Masyarakat Wayo Keluhkan Lambatnya Pekerjaan Rumah BSPS

  • Bagikan
Rumah program BSPS di Desa Wayo yang belum selesai dikerjakan (Hamsan/KabarMalut)

BOBONG – Masyarakat penerima rumah program Bantuan Stimulan Perumahan Swadaya (BSPS) tahun 2019 di Desa Wayo Kecamatan Taliabu Barat, Kabupaten Pulau Taliabu, mengeluhkan pekerjaan bantuan 40 unit rumah di Desa Wayo tak kunjung selesai pekerjaannya.

Kepala Desa Wayo, Sofyan Hasan mengatakan keterlambatan pekerjaan bantuan perumahan BSPS tahun 2019  dikarenakan Dinas Perumahan dan Pemukiman (Disperkim) Pulau Taliabu mengambil alih semua pekerjaan tersebut.

“Jadi masyarakat saya penerima bantuan itu sampaikan kepada saya bahwa pekerjaan ini terlambat atau lama karena dinas ini mereka yang ambil alih semua. Contohnya mau beli papan harus butuh rekomendasi dari dinas, jadi saya harus ke dinas lagi, terus saya butuh paku dan bahan-bahan lain seperti kebutuhan bangunan rumah itu harus saya ke dinas ambil rekomendasi dulu baru bisa dapat barang-barang yang saya butuh itu,” kata Sofyan mewakili warganya saat dikonfirmasi KabarMalut, Minggu (12/4/2020).

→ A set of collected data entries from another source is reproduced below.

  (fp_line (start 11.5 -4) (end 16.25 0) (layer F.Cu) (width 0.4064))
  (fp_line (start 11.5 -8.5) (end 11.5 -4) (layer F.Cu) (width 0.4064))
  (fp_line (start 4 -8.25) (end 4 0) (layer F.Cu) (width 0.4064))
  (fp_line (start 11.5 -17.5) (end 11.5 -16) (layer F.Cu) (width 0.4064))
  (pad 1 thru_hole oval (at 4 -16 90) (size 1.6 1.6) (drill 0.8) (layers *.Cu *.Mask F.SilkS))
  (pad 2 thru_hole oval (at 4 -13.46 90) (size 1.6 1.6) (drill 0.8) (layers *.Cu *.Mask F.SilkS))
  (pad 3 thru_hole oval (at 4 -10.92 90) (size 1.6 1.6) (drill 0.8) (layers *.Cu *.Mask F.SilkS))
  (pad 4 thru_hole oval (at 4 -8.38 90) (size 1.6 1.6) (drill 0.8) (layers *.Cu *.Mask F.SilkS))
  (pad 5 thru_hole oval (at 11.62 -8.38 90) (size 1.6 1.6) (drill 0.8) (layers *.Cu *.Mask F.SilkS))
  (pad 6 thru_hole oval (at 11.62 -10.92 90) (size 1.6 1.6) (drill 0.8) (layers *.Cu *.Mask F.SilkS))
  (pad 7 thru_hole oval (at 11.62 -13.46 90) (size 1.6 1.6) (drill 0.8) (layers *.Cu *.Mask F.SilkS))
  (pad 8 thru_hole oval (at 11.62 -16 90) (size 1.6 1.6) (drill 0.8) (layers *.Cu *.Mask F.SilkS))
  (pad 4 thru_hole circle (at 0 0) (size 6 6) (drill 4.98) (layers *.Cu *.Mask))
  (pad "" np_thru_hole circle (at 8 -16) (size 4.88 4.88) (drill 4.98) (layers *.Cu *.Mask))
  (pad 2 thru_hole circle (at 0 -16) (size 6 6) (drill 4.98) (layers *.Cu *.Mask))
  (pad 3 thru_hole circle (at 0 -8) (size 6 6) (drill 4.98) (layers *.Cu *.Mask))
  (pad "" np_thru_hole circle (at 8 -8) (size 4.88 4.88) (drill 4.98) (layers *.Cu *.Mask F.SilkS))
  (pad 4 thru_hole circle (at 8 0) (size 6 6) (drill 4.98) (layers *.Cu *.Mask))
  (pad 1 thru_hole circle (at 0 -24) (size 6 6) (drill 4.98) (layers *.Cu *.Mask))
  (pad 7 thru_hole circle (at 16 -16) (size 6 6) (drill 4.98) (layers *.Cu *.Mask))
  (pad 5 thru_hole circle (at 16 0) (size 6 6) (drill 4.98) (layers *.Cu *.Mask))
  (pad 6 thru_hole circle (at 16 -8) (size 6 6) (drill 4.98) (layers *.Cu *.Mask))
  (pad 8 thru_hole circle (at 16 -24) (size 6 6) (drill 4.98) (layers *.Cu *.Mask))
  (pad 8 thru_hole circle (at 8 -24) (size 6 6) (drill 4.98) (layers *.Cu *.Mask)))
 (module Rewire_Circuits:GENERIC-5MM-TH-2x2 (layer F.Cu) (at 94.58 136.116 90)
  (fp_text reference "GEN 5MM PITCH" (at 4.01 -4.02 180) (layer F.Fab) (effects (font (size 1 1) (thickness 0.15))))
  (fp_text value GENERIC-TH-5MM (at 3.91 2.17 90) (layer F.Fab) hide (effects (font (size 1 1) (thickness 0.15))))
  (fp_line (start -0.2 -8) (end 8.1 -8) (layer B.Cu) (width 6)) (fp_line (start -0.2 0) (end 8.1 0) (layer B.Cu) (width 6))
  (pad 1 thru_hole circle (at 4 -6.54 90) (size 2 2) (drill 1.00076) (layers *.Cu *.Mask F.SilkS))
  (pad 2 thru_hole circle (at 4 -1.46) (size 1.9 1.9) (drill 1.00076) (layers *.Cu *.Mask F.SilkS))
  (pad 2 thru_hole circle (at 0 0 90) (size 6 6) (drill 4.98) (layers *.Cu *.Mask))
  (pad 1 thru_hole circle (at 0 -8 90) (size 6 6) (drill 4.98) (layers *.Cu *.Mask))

Menurut Sofyan, seharusnya uang yang sudah ada di kelompok dan sudah diserahkan ke toko saja sudah cukup. Maka kelompok penerima harusnya hanya berhubungan langsung dengan pihak toko agar lebih cepat.

“Menurut kami, kalau sekarang urusan dengan dinas ini terlalu ribet dan banyak hal, menurut kami buat pekerjaan kami terhambat,” tegas Sofyan.

Sofyan mengaku sebelum pekerjaan diambil alih oleh Disperkim, semua pekerjaan berjalan dengan lancar dan cepat.

“Jadi waktu itu saat desa dan pengawas yang awasi pekerjaan itu, pekerjaan terlihat cepat, buktinya waktu ada beberapa buah rumah sudah selesai 100 persen. Tapi mulai ditangani oleh dinas pekerjaan langsung terhambat dan belum selesai-selesai,” terangnya.

Kades berharap Kepala Disperkim, Arwin Tamimi agar tidak terlalu banyak membuat aturan dalam pekerjaan.

“Saya berharap agar dinas terkait tidak terlalu mempersulit warga saya dalam pekerjaan rumah ini,jangan terlalu buat banyak aturan biar dengan mudah masyarakat penerimah bantuan ini dapat bahan agar cepat mereka selesaikan rumah mereka dengan cepat,” harapnya.

Terpisah, Kepala Bidang Perumahan Disperkim Pulau Taliabu, Muhammad Jairul Hazi mengatakan keterlambatan pekerjaan bantuan BSPS di Desa Wayo diakbitakan warga penerimah bantuan itu sendiri.

“Jadi keterlambatan pekerjaan rumah bantuan itu bukan karena kami dari dinas yang ambil alih tapi memang terlambat itu karena dari mereka sandiri. Mereka tidak hanya kerja rumah mereka itu tapi mereka juga pergi mencari, mereka juga kerja barang lain untuk memenuhi kebutuhan mereka juga,” jelas Jairul.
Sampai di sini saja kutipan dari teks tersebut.